WHAT THE TASK ASKS: When you output the entries, begin with the first line and end with the line containing "X8746389Y-4573513D01*", keeping each line exactly as it is.

DATA RECORDS:
====
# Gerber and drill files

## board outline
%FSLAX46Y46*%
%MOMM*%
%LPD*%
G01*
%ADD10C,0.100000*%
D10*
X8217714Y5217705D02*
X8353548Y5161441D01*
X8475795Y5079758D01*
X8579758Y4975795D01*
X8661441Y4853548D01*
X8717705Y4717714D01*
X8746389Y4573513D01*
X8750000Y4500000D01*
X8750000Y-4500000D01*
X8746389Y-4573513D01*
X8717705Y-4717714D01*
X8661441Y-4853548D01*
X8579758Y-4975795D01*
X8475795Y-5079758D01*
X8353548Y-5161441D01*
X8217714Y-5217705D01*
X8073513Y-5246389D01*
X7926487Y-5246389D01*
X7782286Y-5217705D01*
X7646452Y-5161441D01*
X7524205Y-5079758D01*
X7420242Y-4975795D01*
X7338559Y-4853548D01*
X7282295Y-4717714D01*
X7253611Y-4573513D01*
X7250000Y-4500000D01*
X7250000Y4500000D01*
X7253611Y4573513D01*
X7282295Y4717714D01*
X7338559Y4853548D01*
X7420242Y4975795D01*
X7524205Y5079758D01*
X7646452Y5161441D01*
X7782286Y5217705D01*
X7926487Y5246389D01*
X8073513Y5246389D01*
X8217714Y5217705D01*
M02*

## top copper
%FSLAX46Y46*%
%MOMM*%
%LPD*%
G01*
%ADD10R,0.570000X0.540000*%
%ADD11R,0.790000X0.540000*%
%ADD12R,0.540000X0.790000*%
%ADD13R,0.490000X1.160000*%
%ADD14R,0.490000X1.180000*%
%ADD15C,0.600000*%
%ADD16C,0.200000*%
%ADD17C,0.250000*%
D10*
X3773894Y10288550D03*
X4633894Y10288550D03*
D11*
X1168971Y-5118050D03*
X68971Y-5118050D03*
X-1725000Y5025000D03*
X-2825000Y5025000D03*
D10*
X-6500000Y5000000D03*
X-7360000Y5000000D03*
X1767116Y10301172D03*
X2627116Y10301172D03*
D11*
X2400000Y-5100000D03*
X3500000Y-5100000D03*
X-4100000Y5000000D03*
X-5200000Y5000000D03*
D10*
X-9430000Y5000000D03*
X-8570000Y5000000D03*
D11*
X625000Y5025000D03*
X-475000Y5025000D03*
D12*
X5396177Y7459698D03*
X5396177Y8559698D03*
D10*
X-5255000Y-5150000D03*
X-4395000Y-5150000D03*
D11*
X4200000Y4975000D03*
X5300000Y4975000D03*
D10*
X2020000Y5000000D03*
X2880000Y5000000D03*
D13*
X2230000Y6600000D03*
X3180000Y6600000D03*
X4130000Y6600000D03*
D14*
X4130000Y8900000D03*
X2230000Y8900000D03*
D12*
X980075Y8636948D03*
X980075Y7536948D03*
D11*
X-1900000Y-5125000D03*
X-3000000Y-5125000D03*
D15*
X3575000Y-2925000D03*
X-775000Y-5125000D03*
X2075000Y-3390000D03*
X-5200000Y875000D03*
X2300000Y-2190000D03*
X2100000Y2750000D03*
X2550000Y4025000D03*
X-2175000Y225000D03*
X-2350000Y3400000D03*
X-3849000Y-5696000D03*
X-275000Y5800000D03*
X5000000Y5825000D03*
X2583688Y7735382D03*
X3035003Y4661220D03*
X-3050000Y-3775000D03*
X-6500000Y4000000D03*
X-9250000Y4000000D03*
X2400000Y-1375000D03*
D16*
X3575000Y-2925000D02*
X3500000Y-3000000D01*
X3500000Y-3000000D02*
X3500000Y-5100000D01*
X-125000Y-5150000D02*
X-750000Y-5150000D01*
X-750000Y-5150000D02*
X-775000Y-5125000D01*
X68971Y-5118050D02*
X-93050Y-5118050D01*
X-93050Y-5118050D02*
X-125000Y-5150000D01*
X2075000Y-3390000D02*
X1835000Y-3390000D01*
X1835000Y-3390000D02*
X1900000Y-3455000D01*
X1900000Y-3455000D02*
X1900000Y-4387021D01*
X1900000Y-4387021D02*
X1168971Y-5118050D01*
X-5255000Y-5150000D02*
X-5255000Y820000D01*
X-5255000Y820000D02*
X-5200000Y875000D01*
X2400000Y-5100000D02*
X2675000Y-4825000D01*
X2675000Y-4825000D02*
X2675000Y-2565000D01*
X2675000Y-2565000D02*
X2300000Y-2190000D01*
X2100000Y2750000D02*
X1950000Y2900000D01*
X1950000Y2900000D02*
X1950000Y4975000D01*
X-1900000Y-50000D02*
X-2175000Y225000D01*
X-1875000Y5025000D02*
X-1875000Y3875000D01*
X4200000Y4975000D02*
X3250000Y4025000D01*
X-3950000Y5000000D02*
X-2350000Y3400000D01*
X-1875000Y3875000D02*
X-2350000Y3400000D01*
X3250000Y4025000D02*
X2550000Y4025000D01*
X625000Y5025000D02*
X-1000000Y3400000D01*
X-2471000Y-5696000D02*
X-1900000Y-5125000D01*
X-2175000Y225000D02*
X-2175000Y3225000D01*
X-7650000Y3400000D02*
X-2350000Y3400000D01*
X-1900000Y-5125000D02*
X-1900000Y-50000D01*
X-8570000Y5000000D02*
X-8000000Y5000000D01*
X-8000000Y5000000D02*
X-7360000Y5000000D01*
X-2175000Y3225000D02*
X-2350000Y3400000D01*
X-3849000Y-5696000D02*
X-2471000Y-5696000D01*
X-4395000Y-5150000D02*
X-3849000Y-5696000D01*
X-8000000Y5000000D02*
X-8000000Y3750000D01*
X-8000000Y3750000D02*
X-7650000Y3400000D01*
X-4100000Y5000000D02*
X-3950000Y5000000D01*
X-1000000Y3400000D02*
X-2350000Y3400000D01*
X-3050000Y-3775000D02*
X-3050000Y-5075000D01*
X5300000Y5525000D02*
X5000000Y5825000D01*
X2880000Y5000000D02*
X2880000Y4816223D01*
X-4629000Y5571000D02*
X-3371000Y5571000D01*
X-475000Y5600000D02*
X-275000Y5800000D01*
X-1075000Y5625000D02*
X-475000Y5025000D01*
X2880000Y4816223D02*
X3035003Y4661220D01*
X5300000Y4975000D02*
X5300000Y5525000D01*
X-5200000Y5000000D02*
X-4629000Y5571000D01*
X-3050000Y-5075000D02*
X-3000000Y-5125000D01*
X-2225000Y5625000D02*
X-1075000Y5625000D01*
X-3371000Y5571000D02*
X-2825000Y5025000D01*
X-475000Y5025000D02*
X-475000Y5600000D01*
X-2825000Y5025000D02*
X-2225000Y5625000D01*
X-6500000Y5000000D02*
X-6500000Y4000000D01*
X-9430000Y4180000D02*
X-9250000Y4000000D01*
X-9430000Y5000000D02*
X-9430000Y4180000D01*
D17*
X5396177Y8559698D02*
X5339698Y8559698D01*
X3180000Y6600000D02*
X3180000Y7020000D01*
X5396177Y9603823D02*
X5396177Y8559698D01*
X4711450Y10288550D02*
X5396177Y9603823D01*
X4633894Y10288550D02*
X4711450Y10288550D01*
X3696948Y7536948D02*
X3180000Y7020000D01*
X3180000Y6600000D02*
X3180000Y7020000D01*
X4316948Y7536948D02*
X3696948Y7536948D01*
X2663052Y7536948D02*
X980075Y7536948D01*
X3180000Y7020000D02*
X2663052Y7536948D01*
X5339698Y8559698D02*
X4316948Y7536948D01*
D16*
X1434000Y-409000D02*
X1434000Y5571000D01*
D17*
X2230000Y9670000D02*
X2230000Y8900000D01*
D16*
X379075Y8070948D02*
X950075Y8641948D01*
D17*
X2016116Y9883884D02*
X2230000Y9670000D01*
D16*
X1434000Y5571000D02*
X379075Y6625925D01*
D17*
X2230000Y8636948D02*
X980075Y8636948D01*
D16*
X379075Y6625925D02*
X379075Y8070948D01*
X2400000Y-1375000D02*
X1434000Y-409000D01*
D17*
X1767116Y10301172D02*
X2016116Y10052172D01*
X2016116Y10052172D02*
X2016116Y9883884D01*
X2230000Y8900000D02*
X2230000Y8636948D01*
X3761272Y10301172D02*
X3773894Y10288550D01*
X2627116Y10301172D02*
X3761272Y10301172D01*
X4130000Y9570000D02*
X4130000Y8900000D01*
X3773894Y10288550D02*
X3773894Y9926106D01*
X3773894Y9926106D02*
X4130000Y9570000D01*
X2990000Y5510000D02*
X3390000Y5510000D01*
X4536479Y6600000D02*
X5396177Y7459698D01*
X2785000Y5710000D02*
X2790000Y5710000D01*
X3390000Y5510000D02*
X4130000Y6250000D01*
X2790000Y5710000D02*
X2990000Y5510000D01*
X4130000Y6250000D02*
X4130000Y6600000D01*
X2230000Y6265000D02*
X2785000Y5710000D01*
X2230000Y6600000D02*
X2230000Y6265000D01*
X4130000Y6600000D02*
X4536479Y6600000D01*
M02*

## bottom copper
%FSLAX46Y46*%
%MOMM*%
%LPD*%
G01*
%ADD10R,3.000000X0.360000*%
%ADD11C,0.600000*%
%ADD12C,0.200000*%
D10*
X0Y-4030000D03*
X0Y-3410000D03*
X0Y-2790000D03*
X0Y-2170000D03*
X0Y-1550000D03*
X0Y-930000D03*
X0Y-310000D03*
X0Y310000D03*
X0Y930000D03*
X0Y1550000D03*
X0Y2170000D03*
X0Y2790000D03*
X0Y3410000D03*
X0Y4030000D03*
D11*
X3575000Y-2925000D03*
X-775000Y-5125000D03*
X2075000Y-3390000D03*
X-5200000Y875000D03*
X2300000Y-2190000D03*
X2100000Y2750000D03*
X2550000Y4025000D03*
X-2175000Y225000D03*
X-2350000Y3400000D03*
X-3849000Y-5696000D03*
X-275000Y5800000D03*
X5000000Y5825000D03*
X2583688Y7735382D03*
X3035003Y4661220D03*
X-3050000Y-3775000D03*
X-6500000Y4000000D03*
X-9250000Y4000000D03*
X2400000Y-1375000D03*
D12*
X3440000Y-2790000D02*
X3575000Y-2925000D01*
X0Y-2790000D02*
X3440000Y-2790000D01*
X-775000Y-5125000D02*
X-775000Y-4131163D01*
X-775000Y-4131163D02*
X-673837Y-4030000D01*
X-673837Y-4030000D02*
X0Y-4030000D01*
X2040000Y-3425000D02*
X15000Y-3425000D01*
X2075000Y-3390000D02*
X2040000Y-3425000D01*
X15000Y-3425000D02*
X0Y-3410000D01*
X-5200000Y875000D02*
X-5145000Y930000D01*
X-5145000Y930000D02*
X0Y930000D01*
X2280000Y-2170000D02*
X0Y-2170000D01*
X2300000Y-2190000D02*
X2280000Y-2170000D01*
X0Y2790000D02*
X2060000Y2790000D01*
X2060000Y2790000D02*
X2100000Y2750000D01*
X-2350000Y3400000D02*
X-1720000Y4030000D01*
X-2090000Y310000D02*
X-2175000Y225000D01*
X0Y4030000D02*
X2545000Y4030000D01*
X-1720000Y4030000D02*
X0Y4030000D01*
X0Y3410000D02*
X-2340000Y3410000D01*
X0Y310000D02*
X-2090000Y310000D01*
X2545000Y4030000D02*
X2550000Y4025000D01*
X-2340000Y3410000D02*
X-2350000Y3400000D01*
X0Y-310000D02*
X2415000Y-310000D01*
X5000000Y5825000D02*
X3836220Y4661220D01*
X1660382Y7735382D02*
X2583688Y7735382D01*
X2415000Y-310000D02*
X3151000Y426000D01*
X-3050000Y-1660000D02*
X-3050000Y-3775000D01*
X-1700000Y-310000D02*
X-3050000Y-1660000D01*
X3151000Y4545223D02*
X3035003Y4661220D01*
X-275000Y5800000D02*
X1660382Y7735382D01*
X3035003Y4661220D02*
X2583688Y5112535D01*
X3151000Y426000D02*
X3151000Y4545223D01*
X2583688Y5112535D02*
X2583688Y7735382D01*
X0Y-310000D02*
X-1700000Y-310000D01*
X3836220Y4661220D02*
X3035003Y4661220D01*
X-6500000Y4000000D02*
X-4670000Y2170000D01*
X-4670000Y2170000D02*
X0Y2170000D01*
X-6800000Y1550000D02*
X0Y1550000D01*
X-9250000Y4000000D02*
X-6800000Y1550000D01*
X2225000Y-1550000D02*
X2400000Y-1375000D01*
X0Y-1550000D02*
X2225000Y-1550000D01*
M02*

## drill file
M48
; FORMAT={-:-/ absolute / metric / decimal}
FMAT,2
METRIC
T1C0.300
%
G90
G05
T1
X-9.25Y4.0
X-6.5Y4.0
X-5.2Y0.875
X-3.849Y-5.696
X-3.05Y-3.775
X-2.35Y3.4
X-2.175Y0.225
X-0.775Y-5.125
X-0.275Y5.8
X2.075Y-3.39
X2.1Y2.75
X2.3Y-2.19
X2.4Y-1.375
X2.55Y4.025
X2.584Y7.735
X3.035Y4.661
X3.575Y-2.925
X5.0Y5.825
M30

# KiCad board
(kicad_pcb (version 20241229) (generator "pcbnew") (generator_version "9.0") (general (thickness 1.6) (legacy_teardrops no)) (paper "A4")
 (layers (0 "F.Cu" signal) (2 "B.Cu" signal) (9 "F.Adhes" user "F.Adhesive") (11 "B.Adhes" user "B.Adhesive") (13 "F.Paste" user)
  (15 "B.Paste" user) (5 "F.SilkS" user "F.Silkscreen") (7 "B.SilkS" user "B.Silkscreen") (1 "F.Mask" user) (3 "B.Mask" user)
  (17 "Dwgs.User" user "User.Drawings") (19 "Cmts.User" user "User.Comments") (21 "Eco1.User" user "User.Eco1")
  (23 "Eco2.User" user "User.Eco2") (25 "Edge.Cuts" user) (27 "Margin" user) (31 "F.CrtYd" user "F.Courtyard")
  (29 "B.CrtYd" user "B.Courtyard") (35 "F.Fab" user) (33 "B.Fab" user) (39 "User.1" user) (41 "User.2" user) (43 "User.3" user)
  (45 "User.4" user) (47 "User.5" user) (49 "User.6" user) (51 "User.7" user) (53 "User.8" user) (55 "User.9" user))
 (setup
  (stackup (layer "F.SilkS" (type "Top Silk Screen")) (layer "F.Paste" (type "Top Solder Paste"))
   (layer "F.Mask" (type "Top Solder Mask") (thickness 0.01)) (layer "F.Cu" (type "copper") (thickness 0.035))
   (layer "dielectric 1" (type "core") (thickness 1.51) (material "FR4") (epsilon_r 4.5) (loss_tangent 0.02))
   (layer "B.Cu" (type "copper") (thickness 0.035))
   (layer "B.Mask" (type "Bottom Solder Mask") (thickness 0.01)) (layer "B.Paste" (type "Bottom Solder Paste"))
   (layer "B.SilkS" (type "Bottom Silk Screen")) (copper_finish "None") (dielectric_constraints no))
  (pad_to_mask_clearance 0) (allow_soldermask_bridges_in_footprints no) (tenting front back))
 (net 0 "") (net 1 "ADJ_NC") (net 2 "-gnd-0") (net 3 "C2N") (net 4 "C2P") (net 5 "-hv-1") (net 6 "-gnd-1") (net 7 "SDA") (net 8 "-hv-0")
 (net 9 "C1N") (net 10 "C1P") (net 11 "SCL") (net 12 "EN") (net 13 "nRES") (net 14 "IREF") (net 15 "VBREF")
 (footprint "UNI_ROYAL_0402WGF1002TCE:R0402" (layer "F.Cu") (at 4.203894 -10.28855)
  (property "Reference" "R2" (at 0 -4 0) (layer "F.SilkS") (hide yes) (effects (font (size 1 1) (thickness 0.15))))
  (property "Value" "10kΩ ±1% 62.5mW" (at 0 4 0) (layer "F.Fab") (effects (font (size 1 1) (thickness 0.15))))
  (pad "1" smd rect (at -0.43 0) (size 0.57 0.54) (layers "F.Cu" "F.Mask" "F.Paste") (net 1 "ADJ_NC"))
  (pad "2" smd rect (at 0.43 0) (size 0.57 0.54) (layers "F.Cu" "F.Mask" "F.Paste") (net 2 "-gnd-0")))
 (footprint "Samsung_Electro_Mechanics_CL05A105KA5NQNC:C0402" (layer "F.Cu") (at 0.618971 5.11805 180)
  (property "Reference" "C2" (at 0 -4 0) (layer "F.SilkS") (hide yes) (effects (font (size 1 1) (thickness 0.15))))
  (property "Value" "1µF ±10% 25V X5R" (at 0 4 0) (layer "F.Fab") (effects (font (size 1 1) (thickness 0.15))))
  (pad "1" smd rect (at -0.55 0 180) (size 0.79 0.54) (layers "F.Cu" "F.Mask" "F.Paste") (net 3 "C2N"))
  (pad "2" smd rect (at 0.55 0 180) (size 0.79 0.54) (layers "F.Cu" "F.Mask" "F.Paste") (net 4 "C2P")))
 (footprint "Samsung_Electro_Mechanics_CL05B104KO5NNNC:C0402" (layer "F.Cu") (at -2.275 -5.025 180)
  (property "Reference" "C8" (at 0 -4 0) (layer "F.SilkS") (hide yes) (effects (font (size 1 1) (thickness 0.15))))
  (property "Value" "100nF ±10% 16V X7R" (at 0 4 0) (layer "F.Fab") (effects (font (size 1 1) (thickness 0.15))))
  (pad "1" smd rect (at -0.55 0 180) (size 0.79 0.54) (layers "F.Cu" "F.Mask" "F.Paste") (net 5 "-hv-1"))
  (pad "2" smd rect (at 0.55 0 180) (size 0.79 0.54) (layers "F.Cu" "F.Mask" "F.Paste") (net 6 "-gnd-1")))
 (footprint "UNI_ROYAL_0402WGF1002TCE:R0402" (layer "F.Cu") (at -6.93 -5 180)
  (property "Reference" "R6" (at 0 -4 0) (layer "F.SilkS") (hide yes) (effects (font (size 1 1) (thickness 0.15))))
====
TASK OUTPUT:
# Gerber and drill files

## board outline
%FSLAX46Y46*%
%MOMM*%
%LPD*%
G01*
%ADD10C,0.100000*%
D10*
X8217714Y5217705D02*
X8353548Y5161441D01*
X8475795Y5079758D01*
X8579758Y4975795D01*
X8661441Y4853548D01*
X8717705Y4717714D01*
X8746389Y4573513D01*
X8750000Y4500000D01*
X8750000Y-4500000D01*
X8746389Y-4573513D01*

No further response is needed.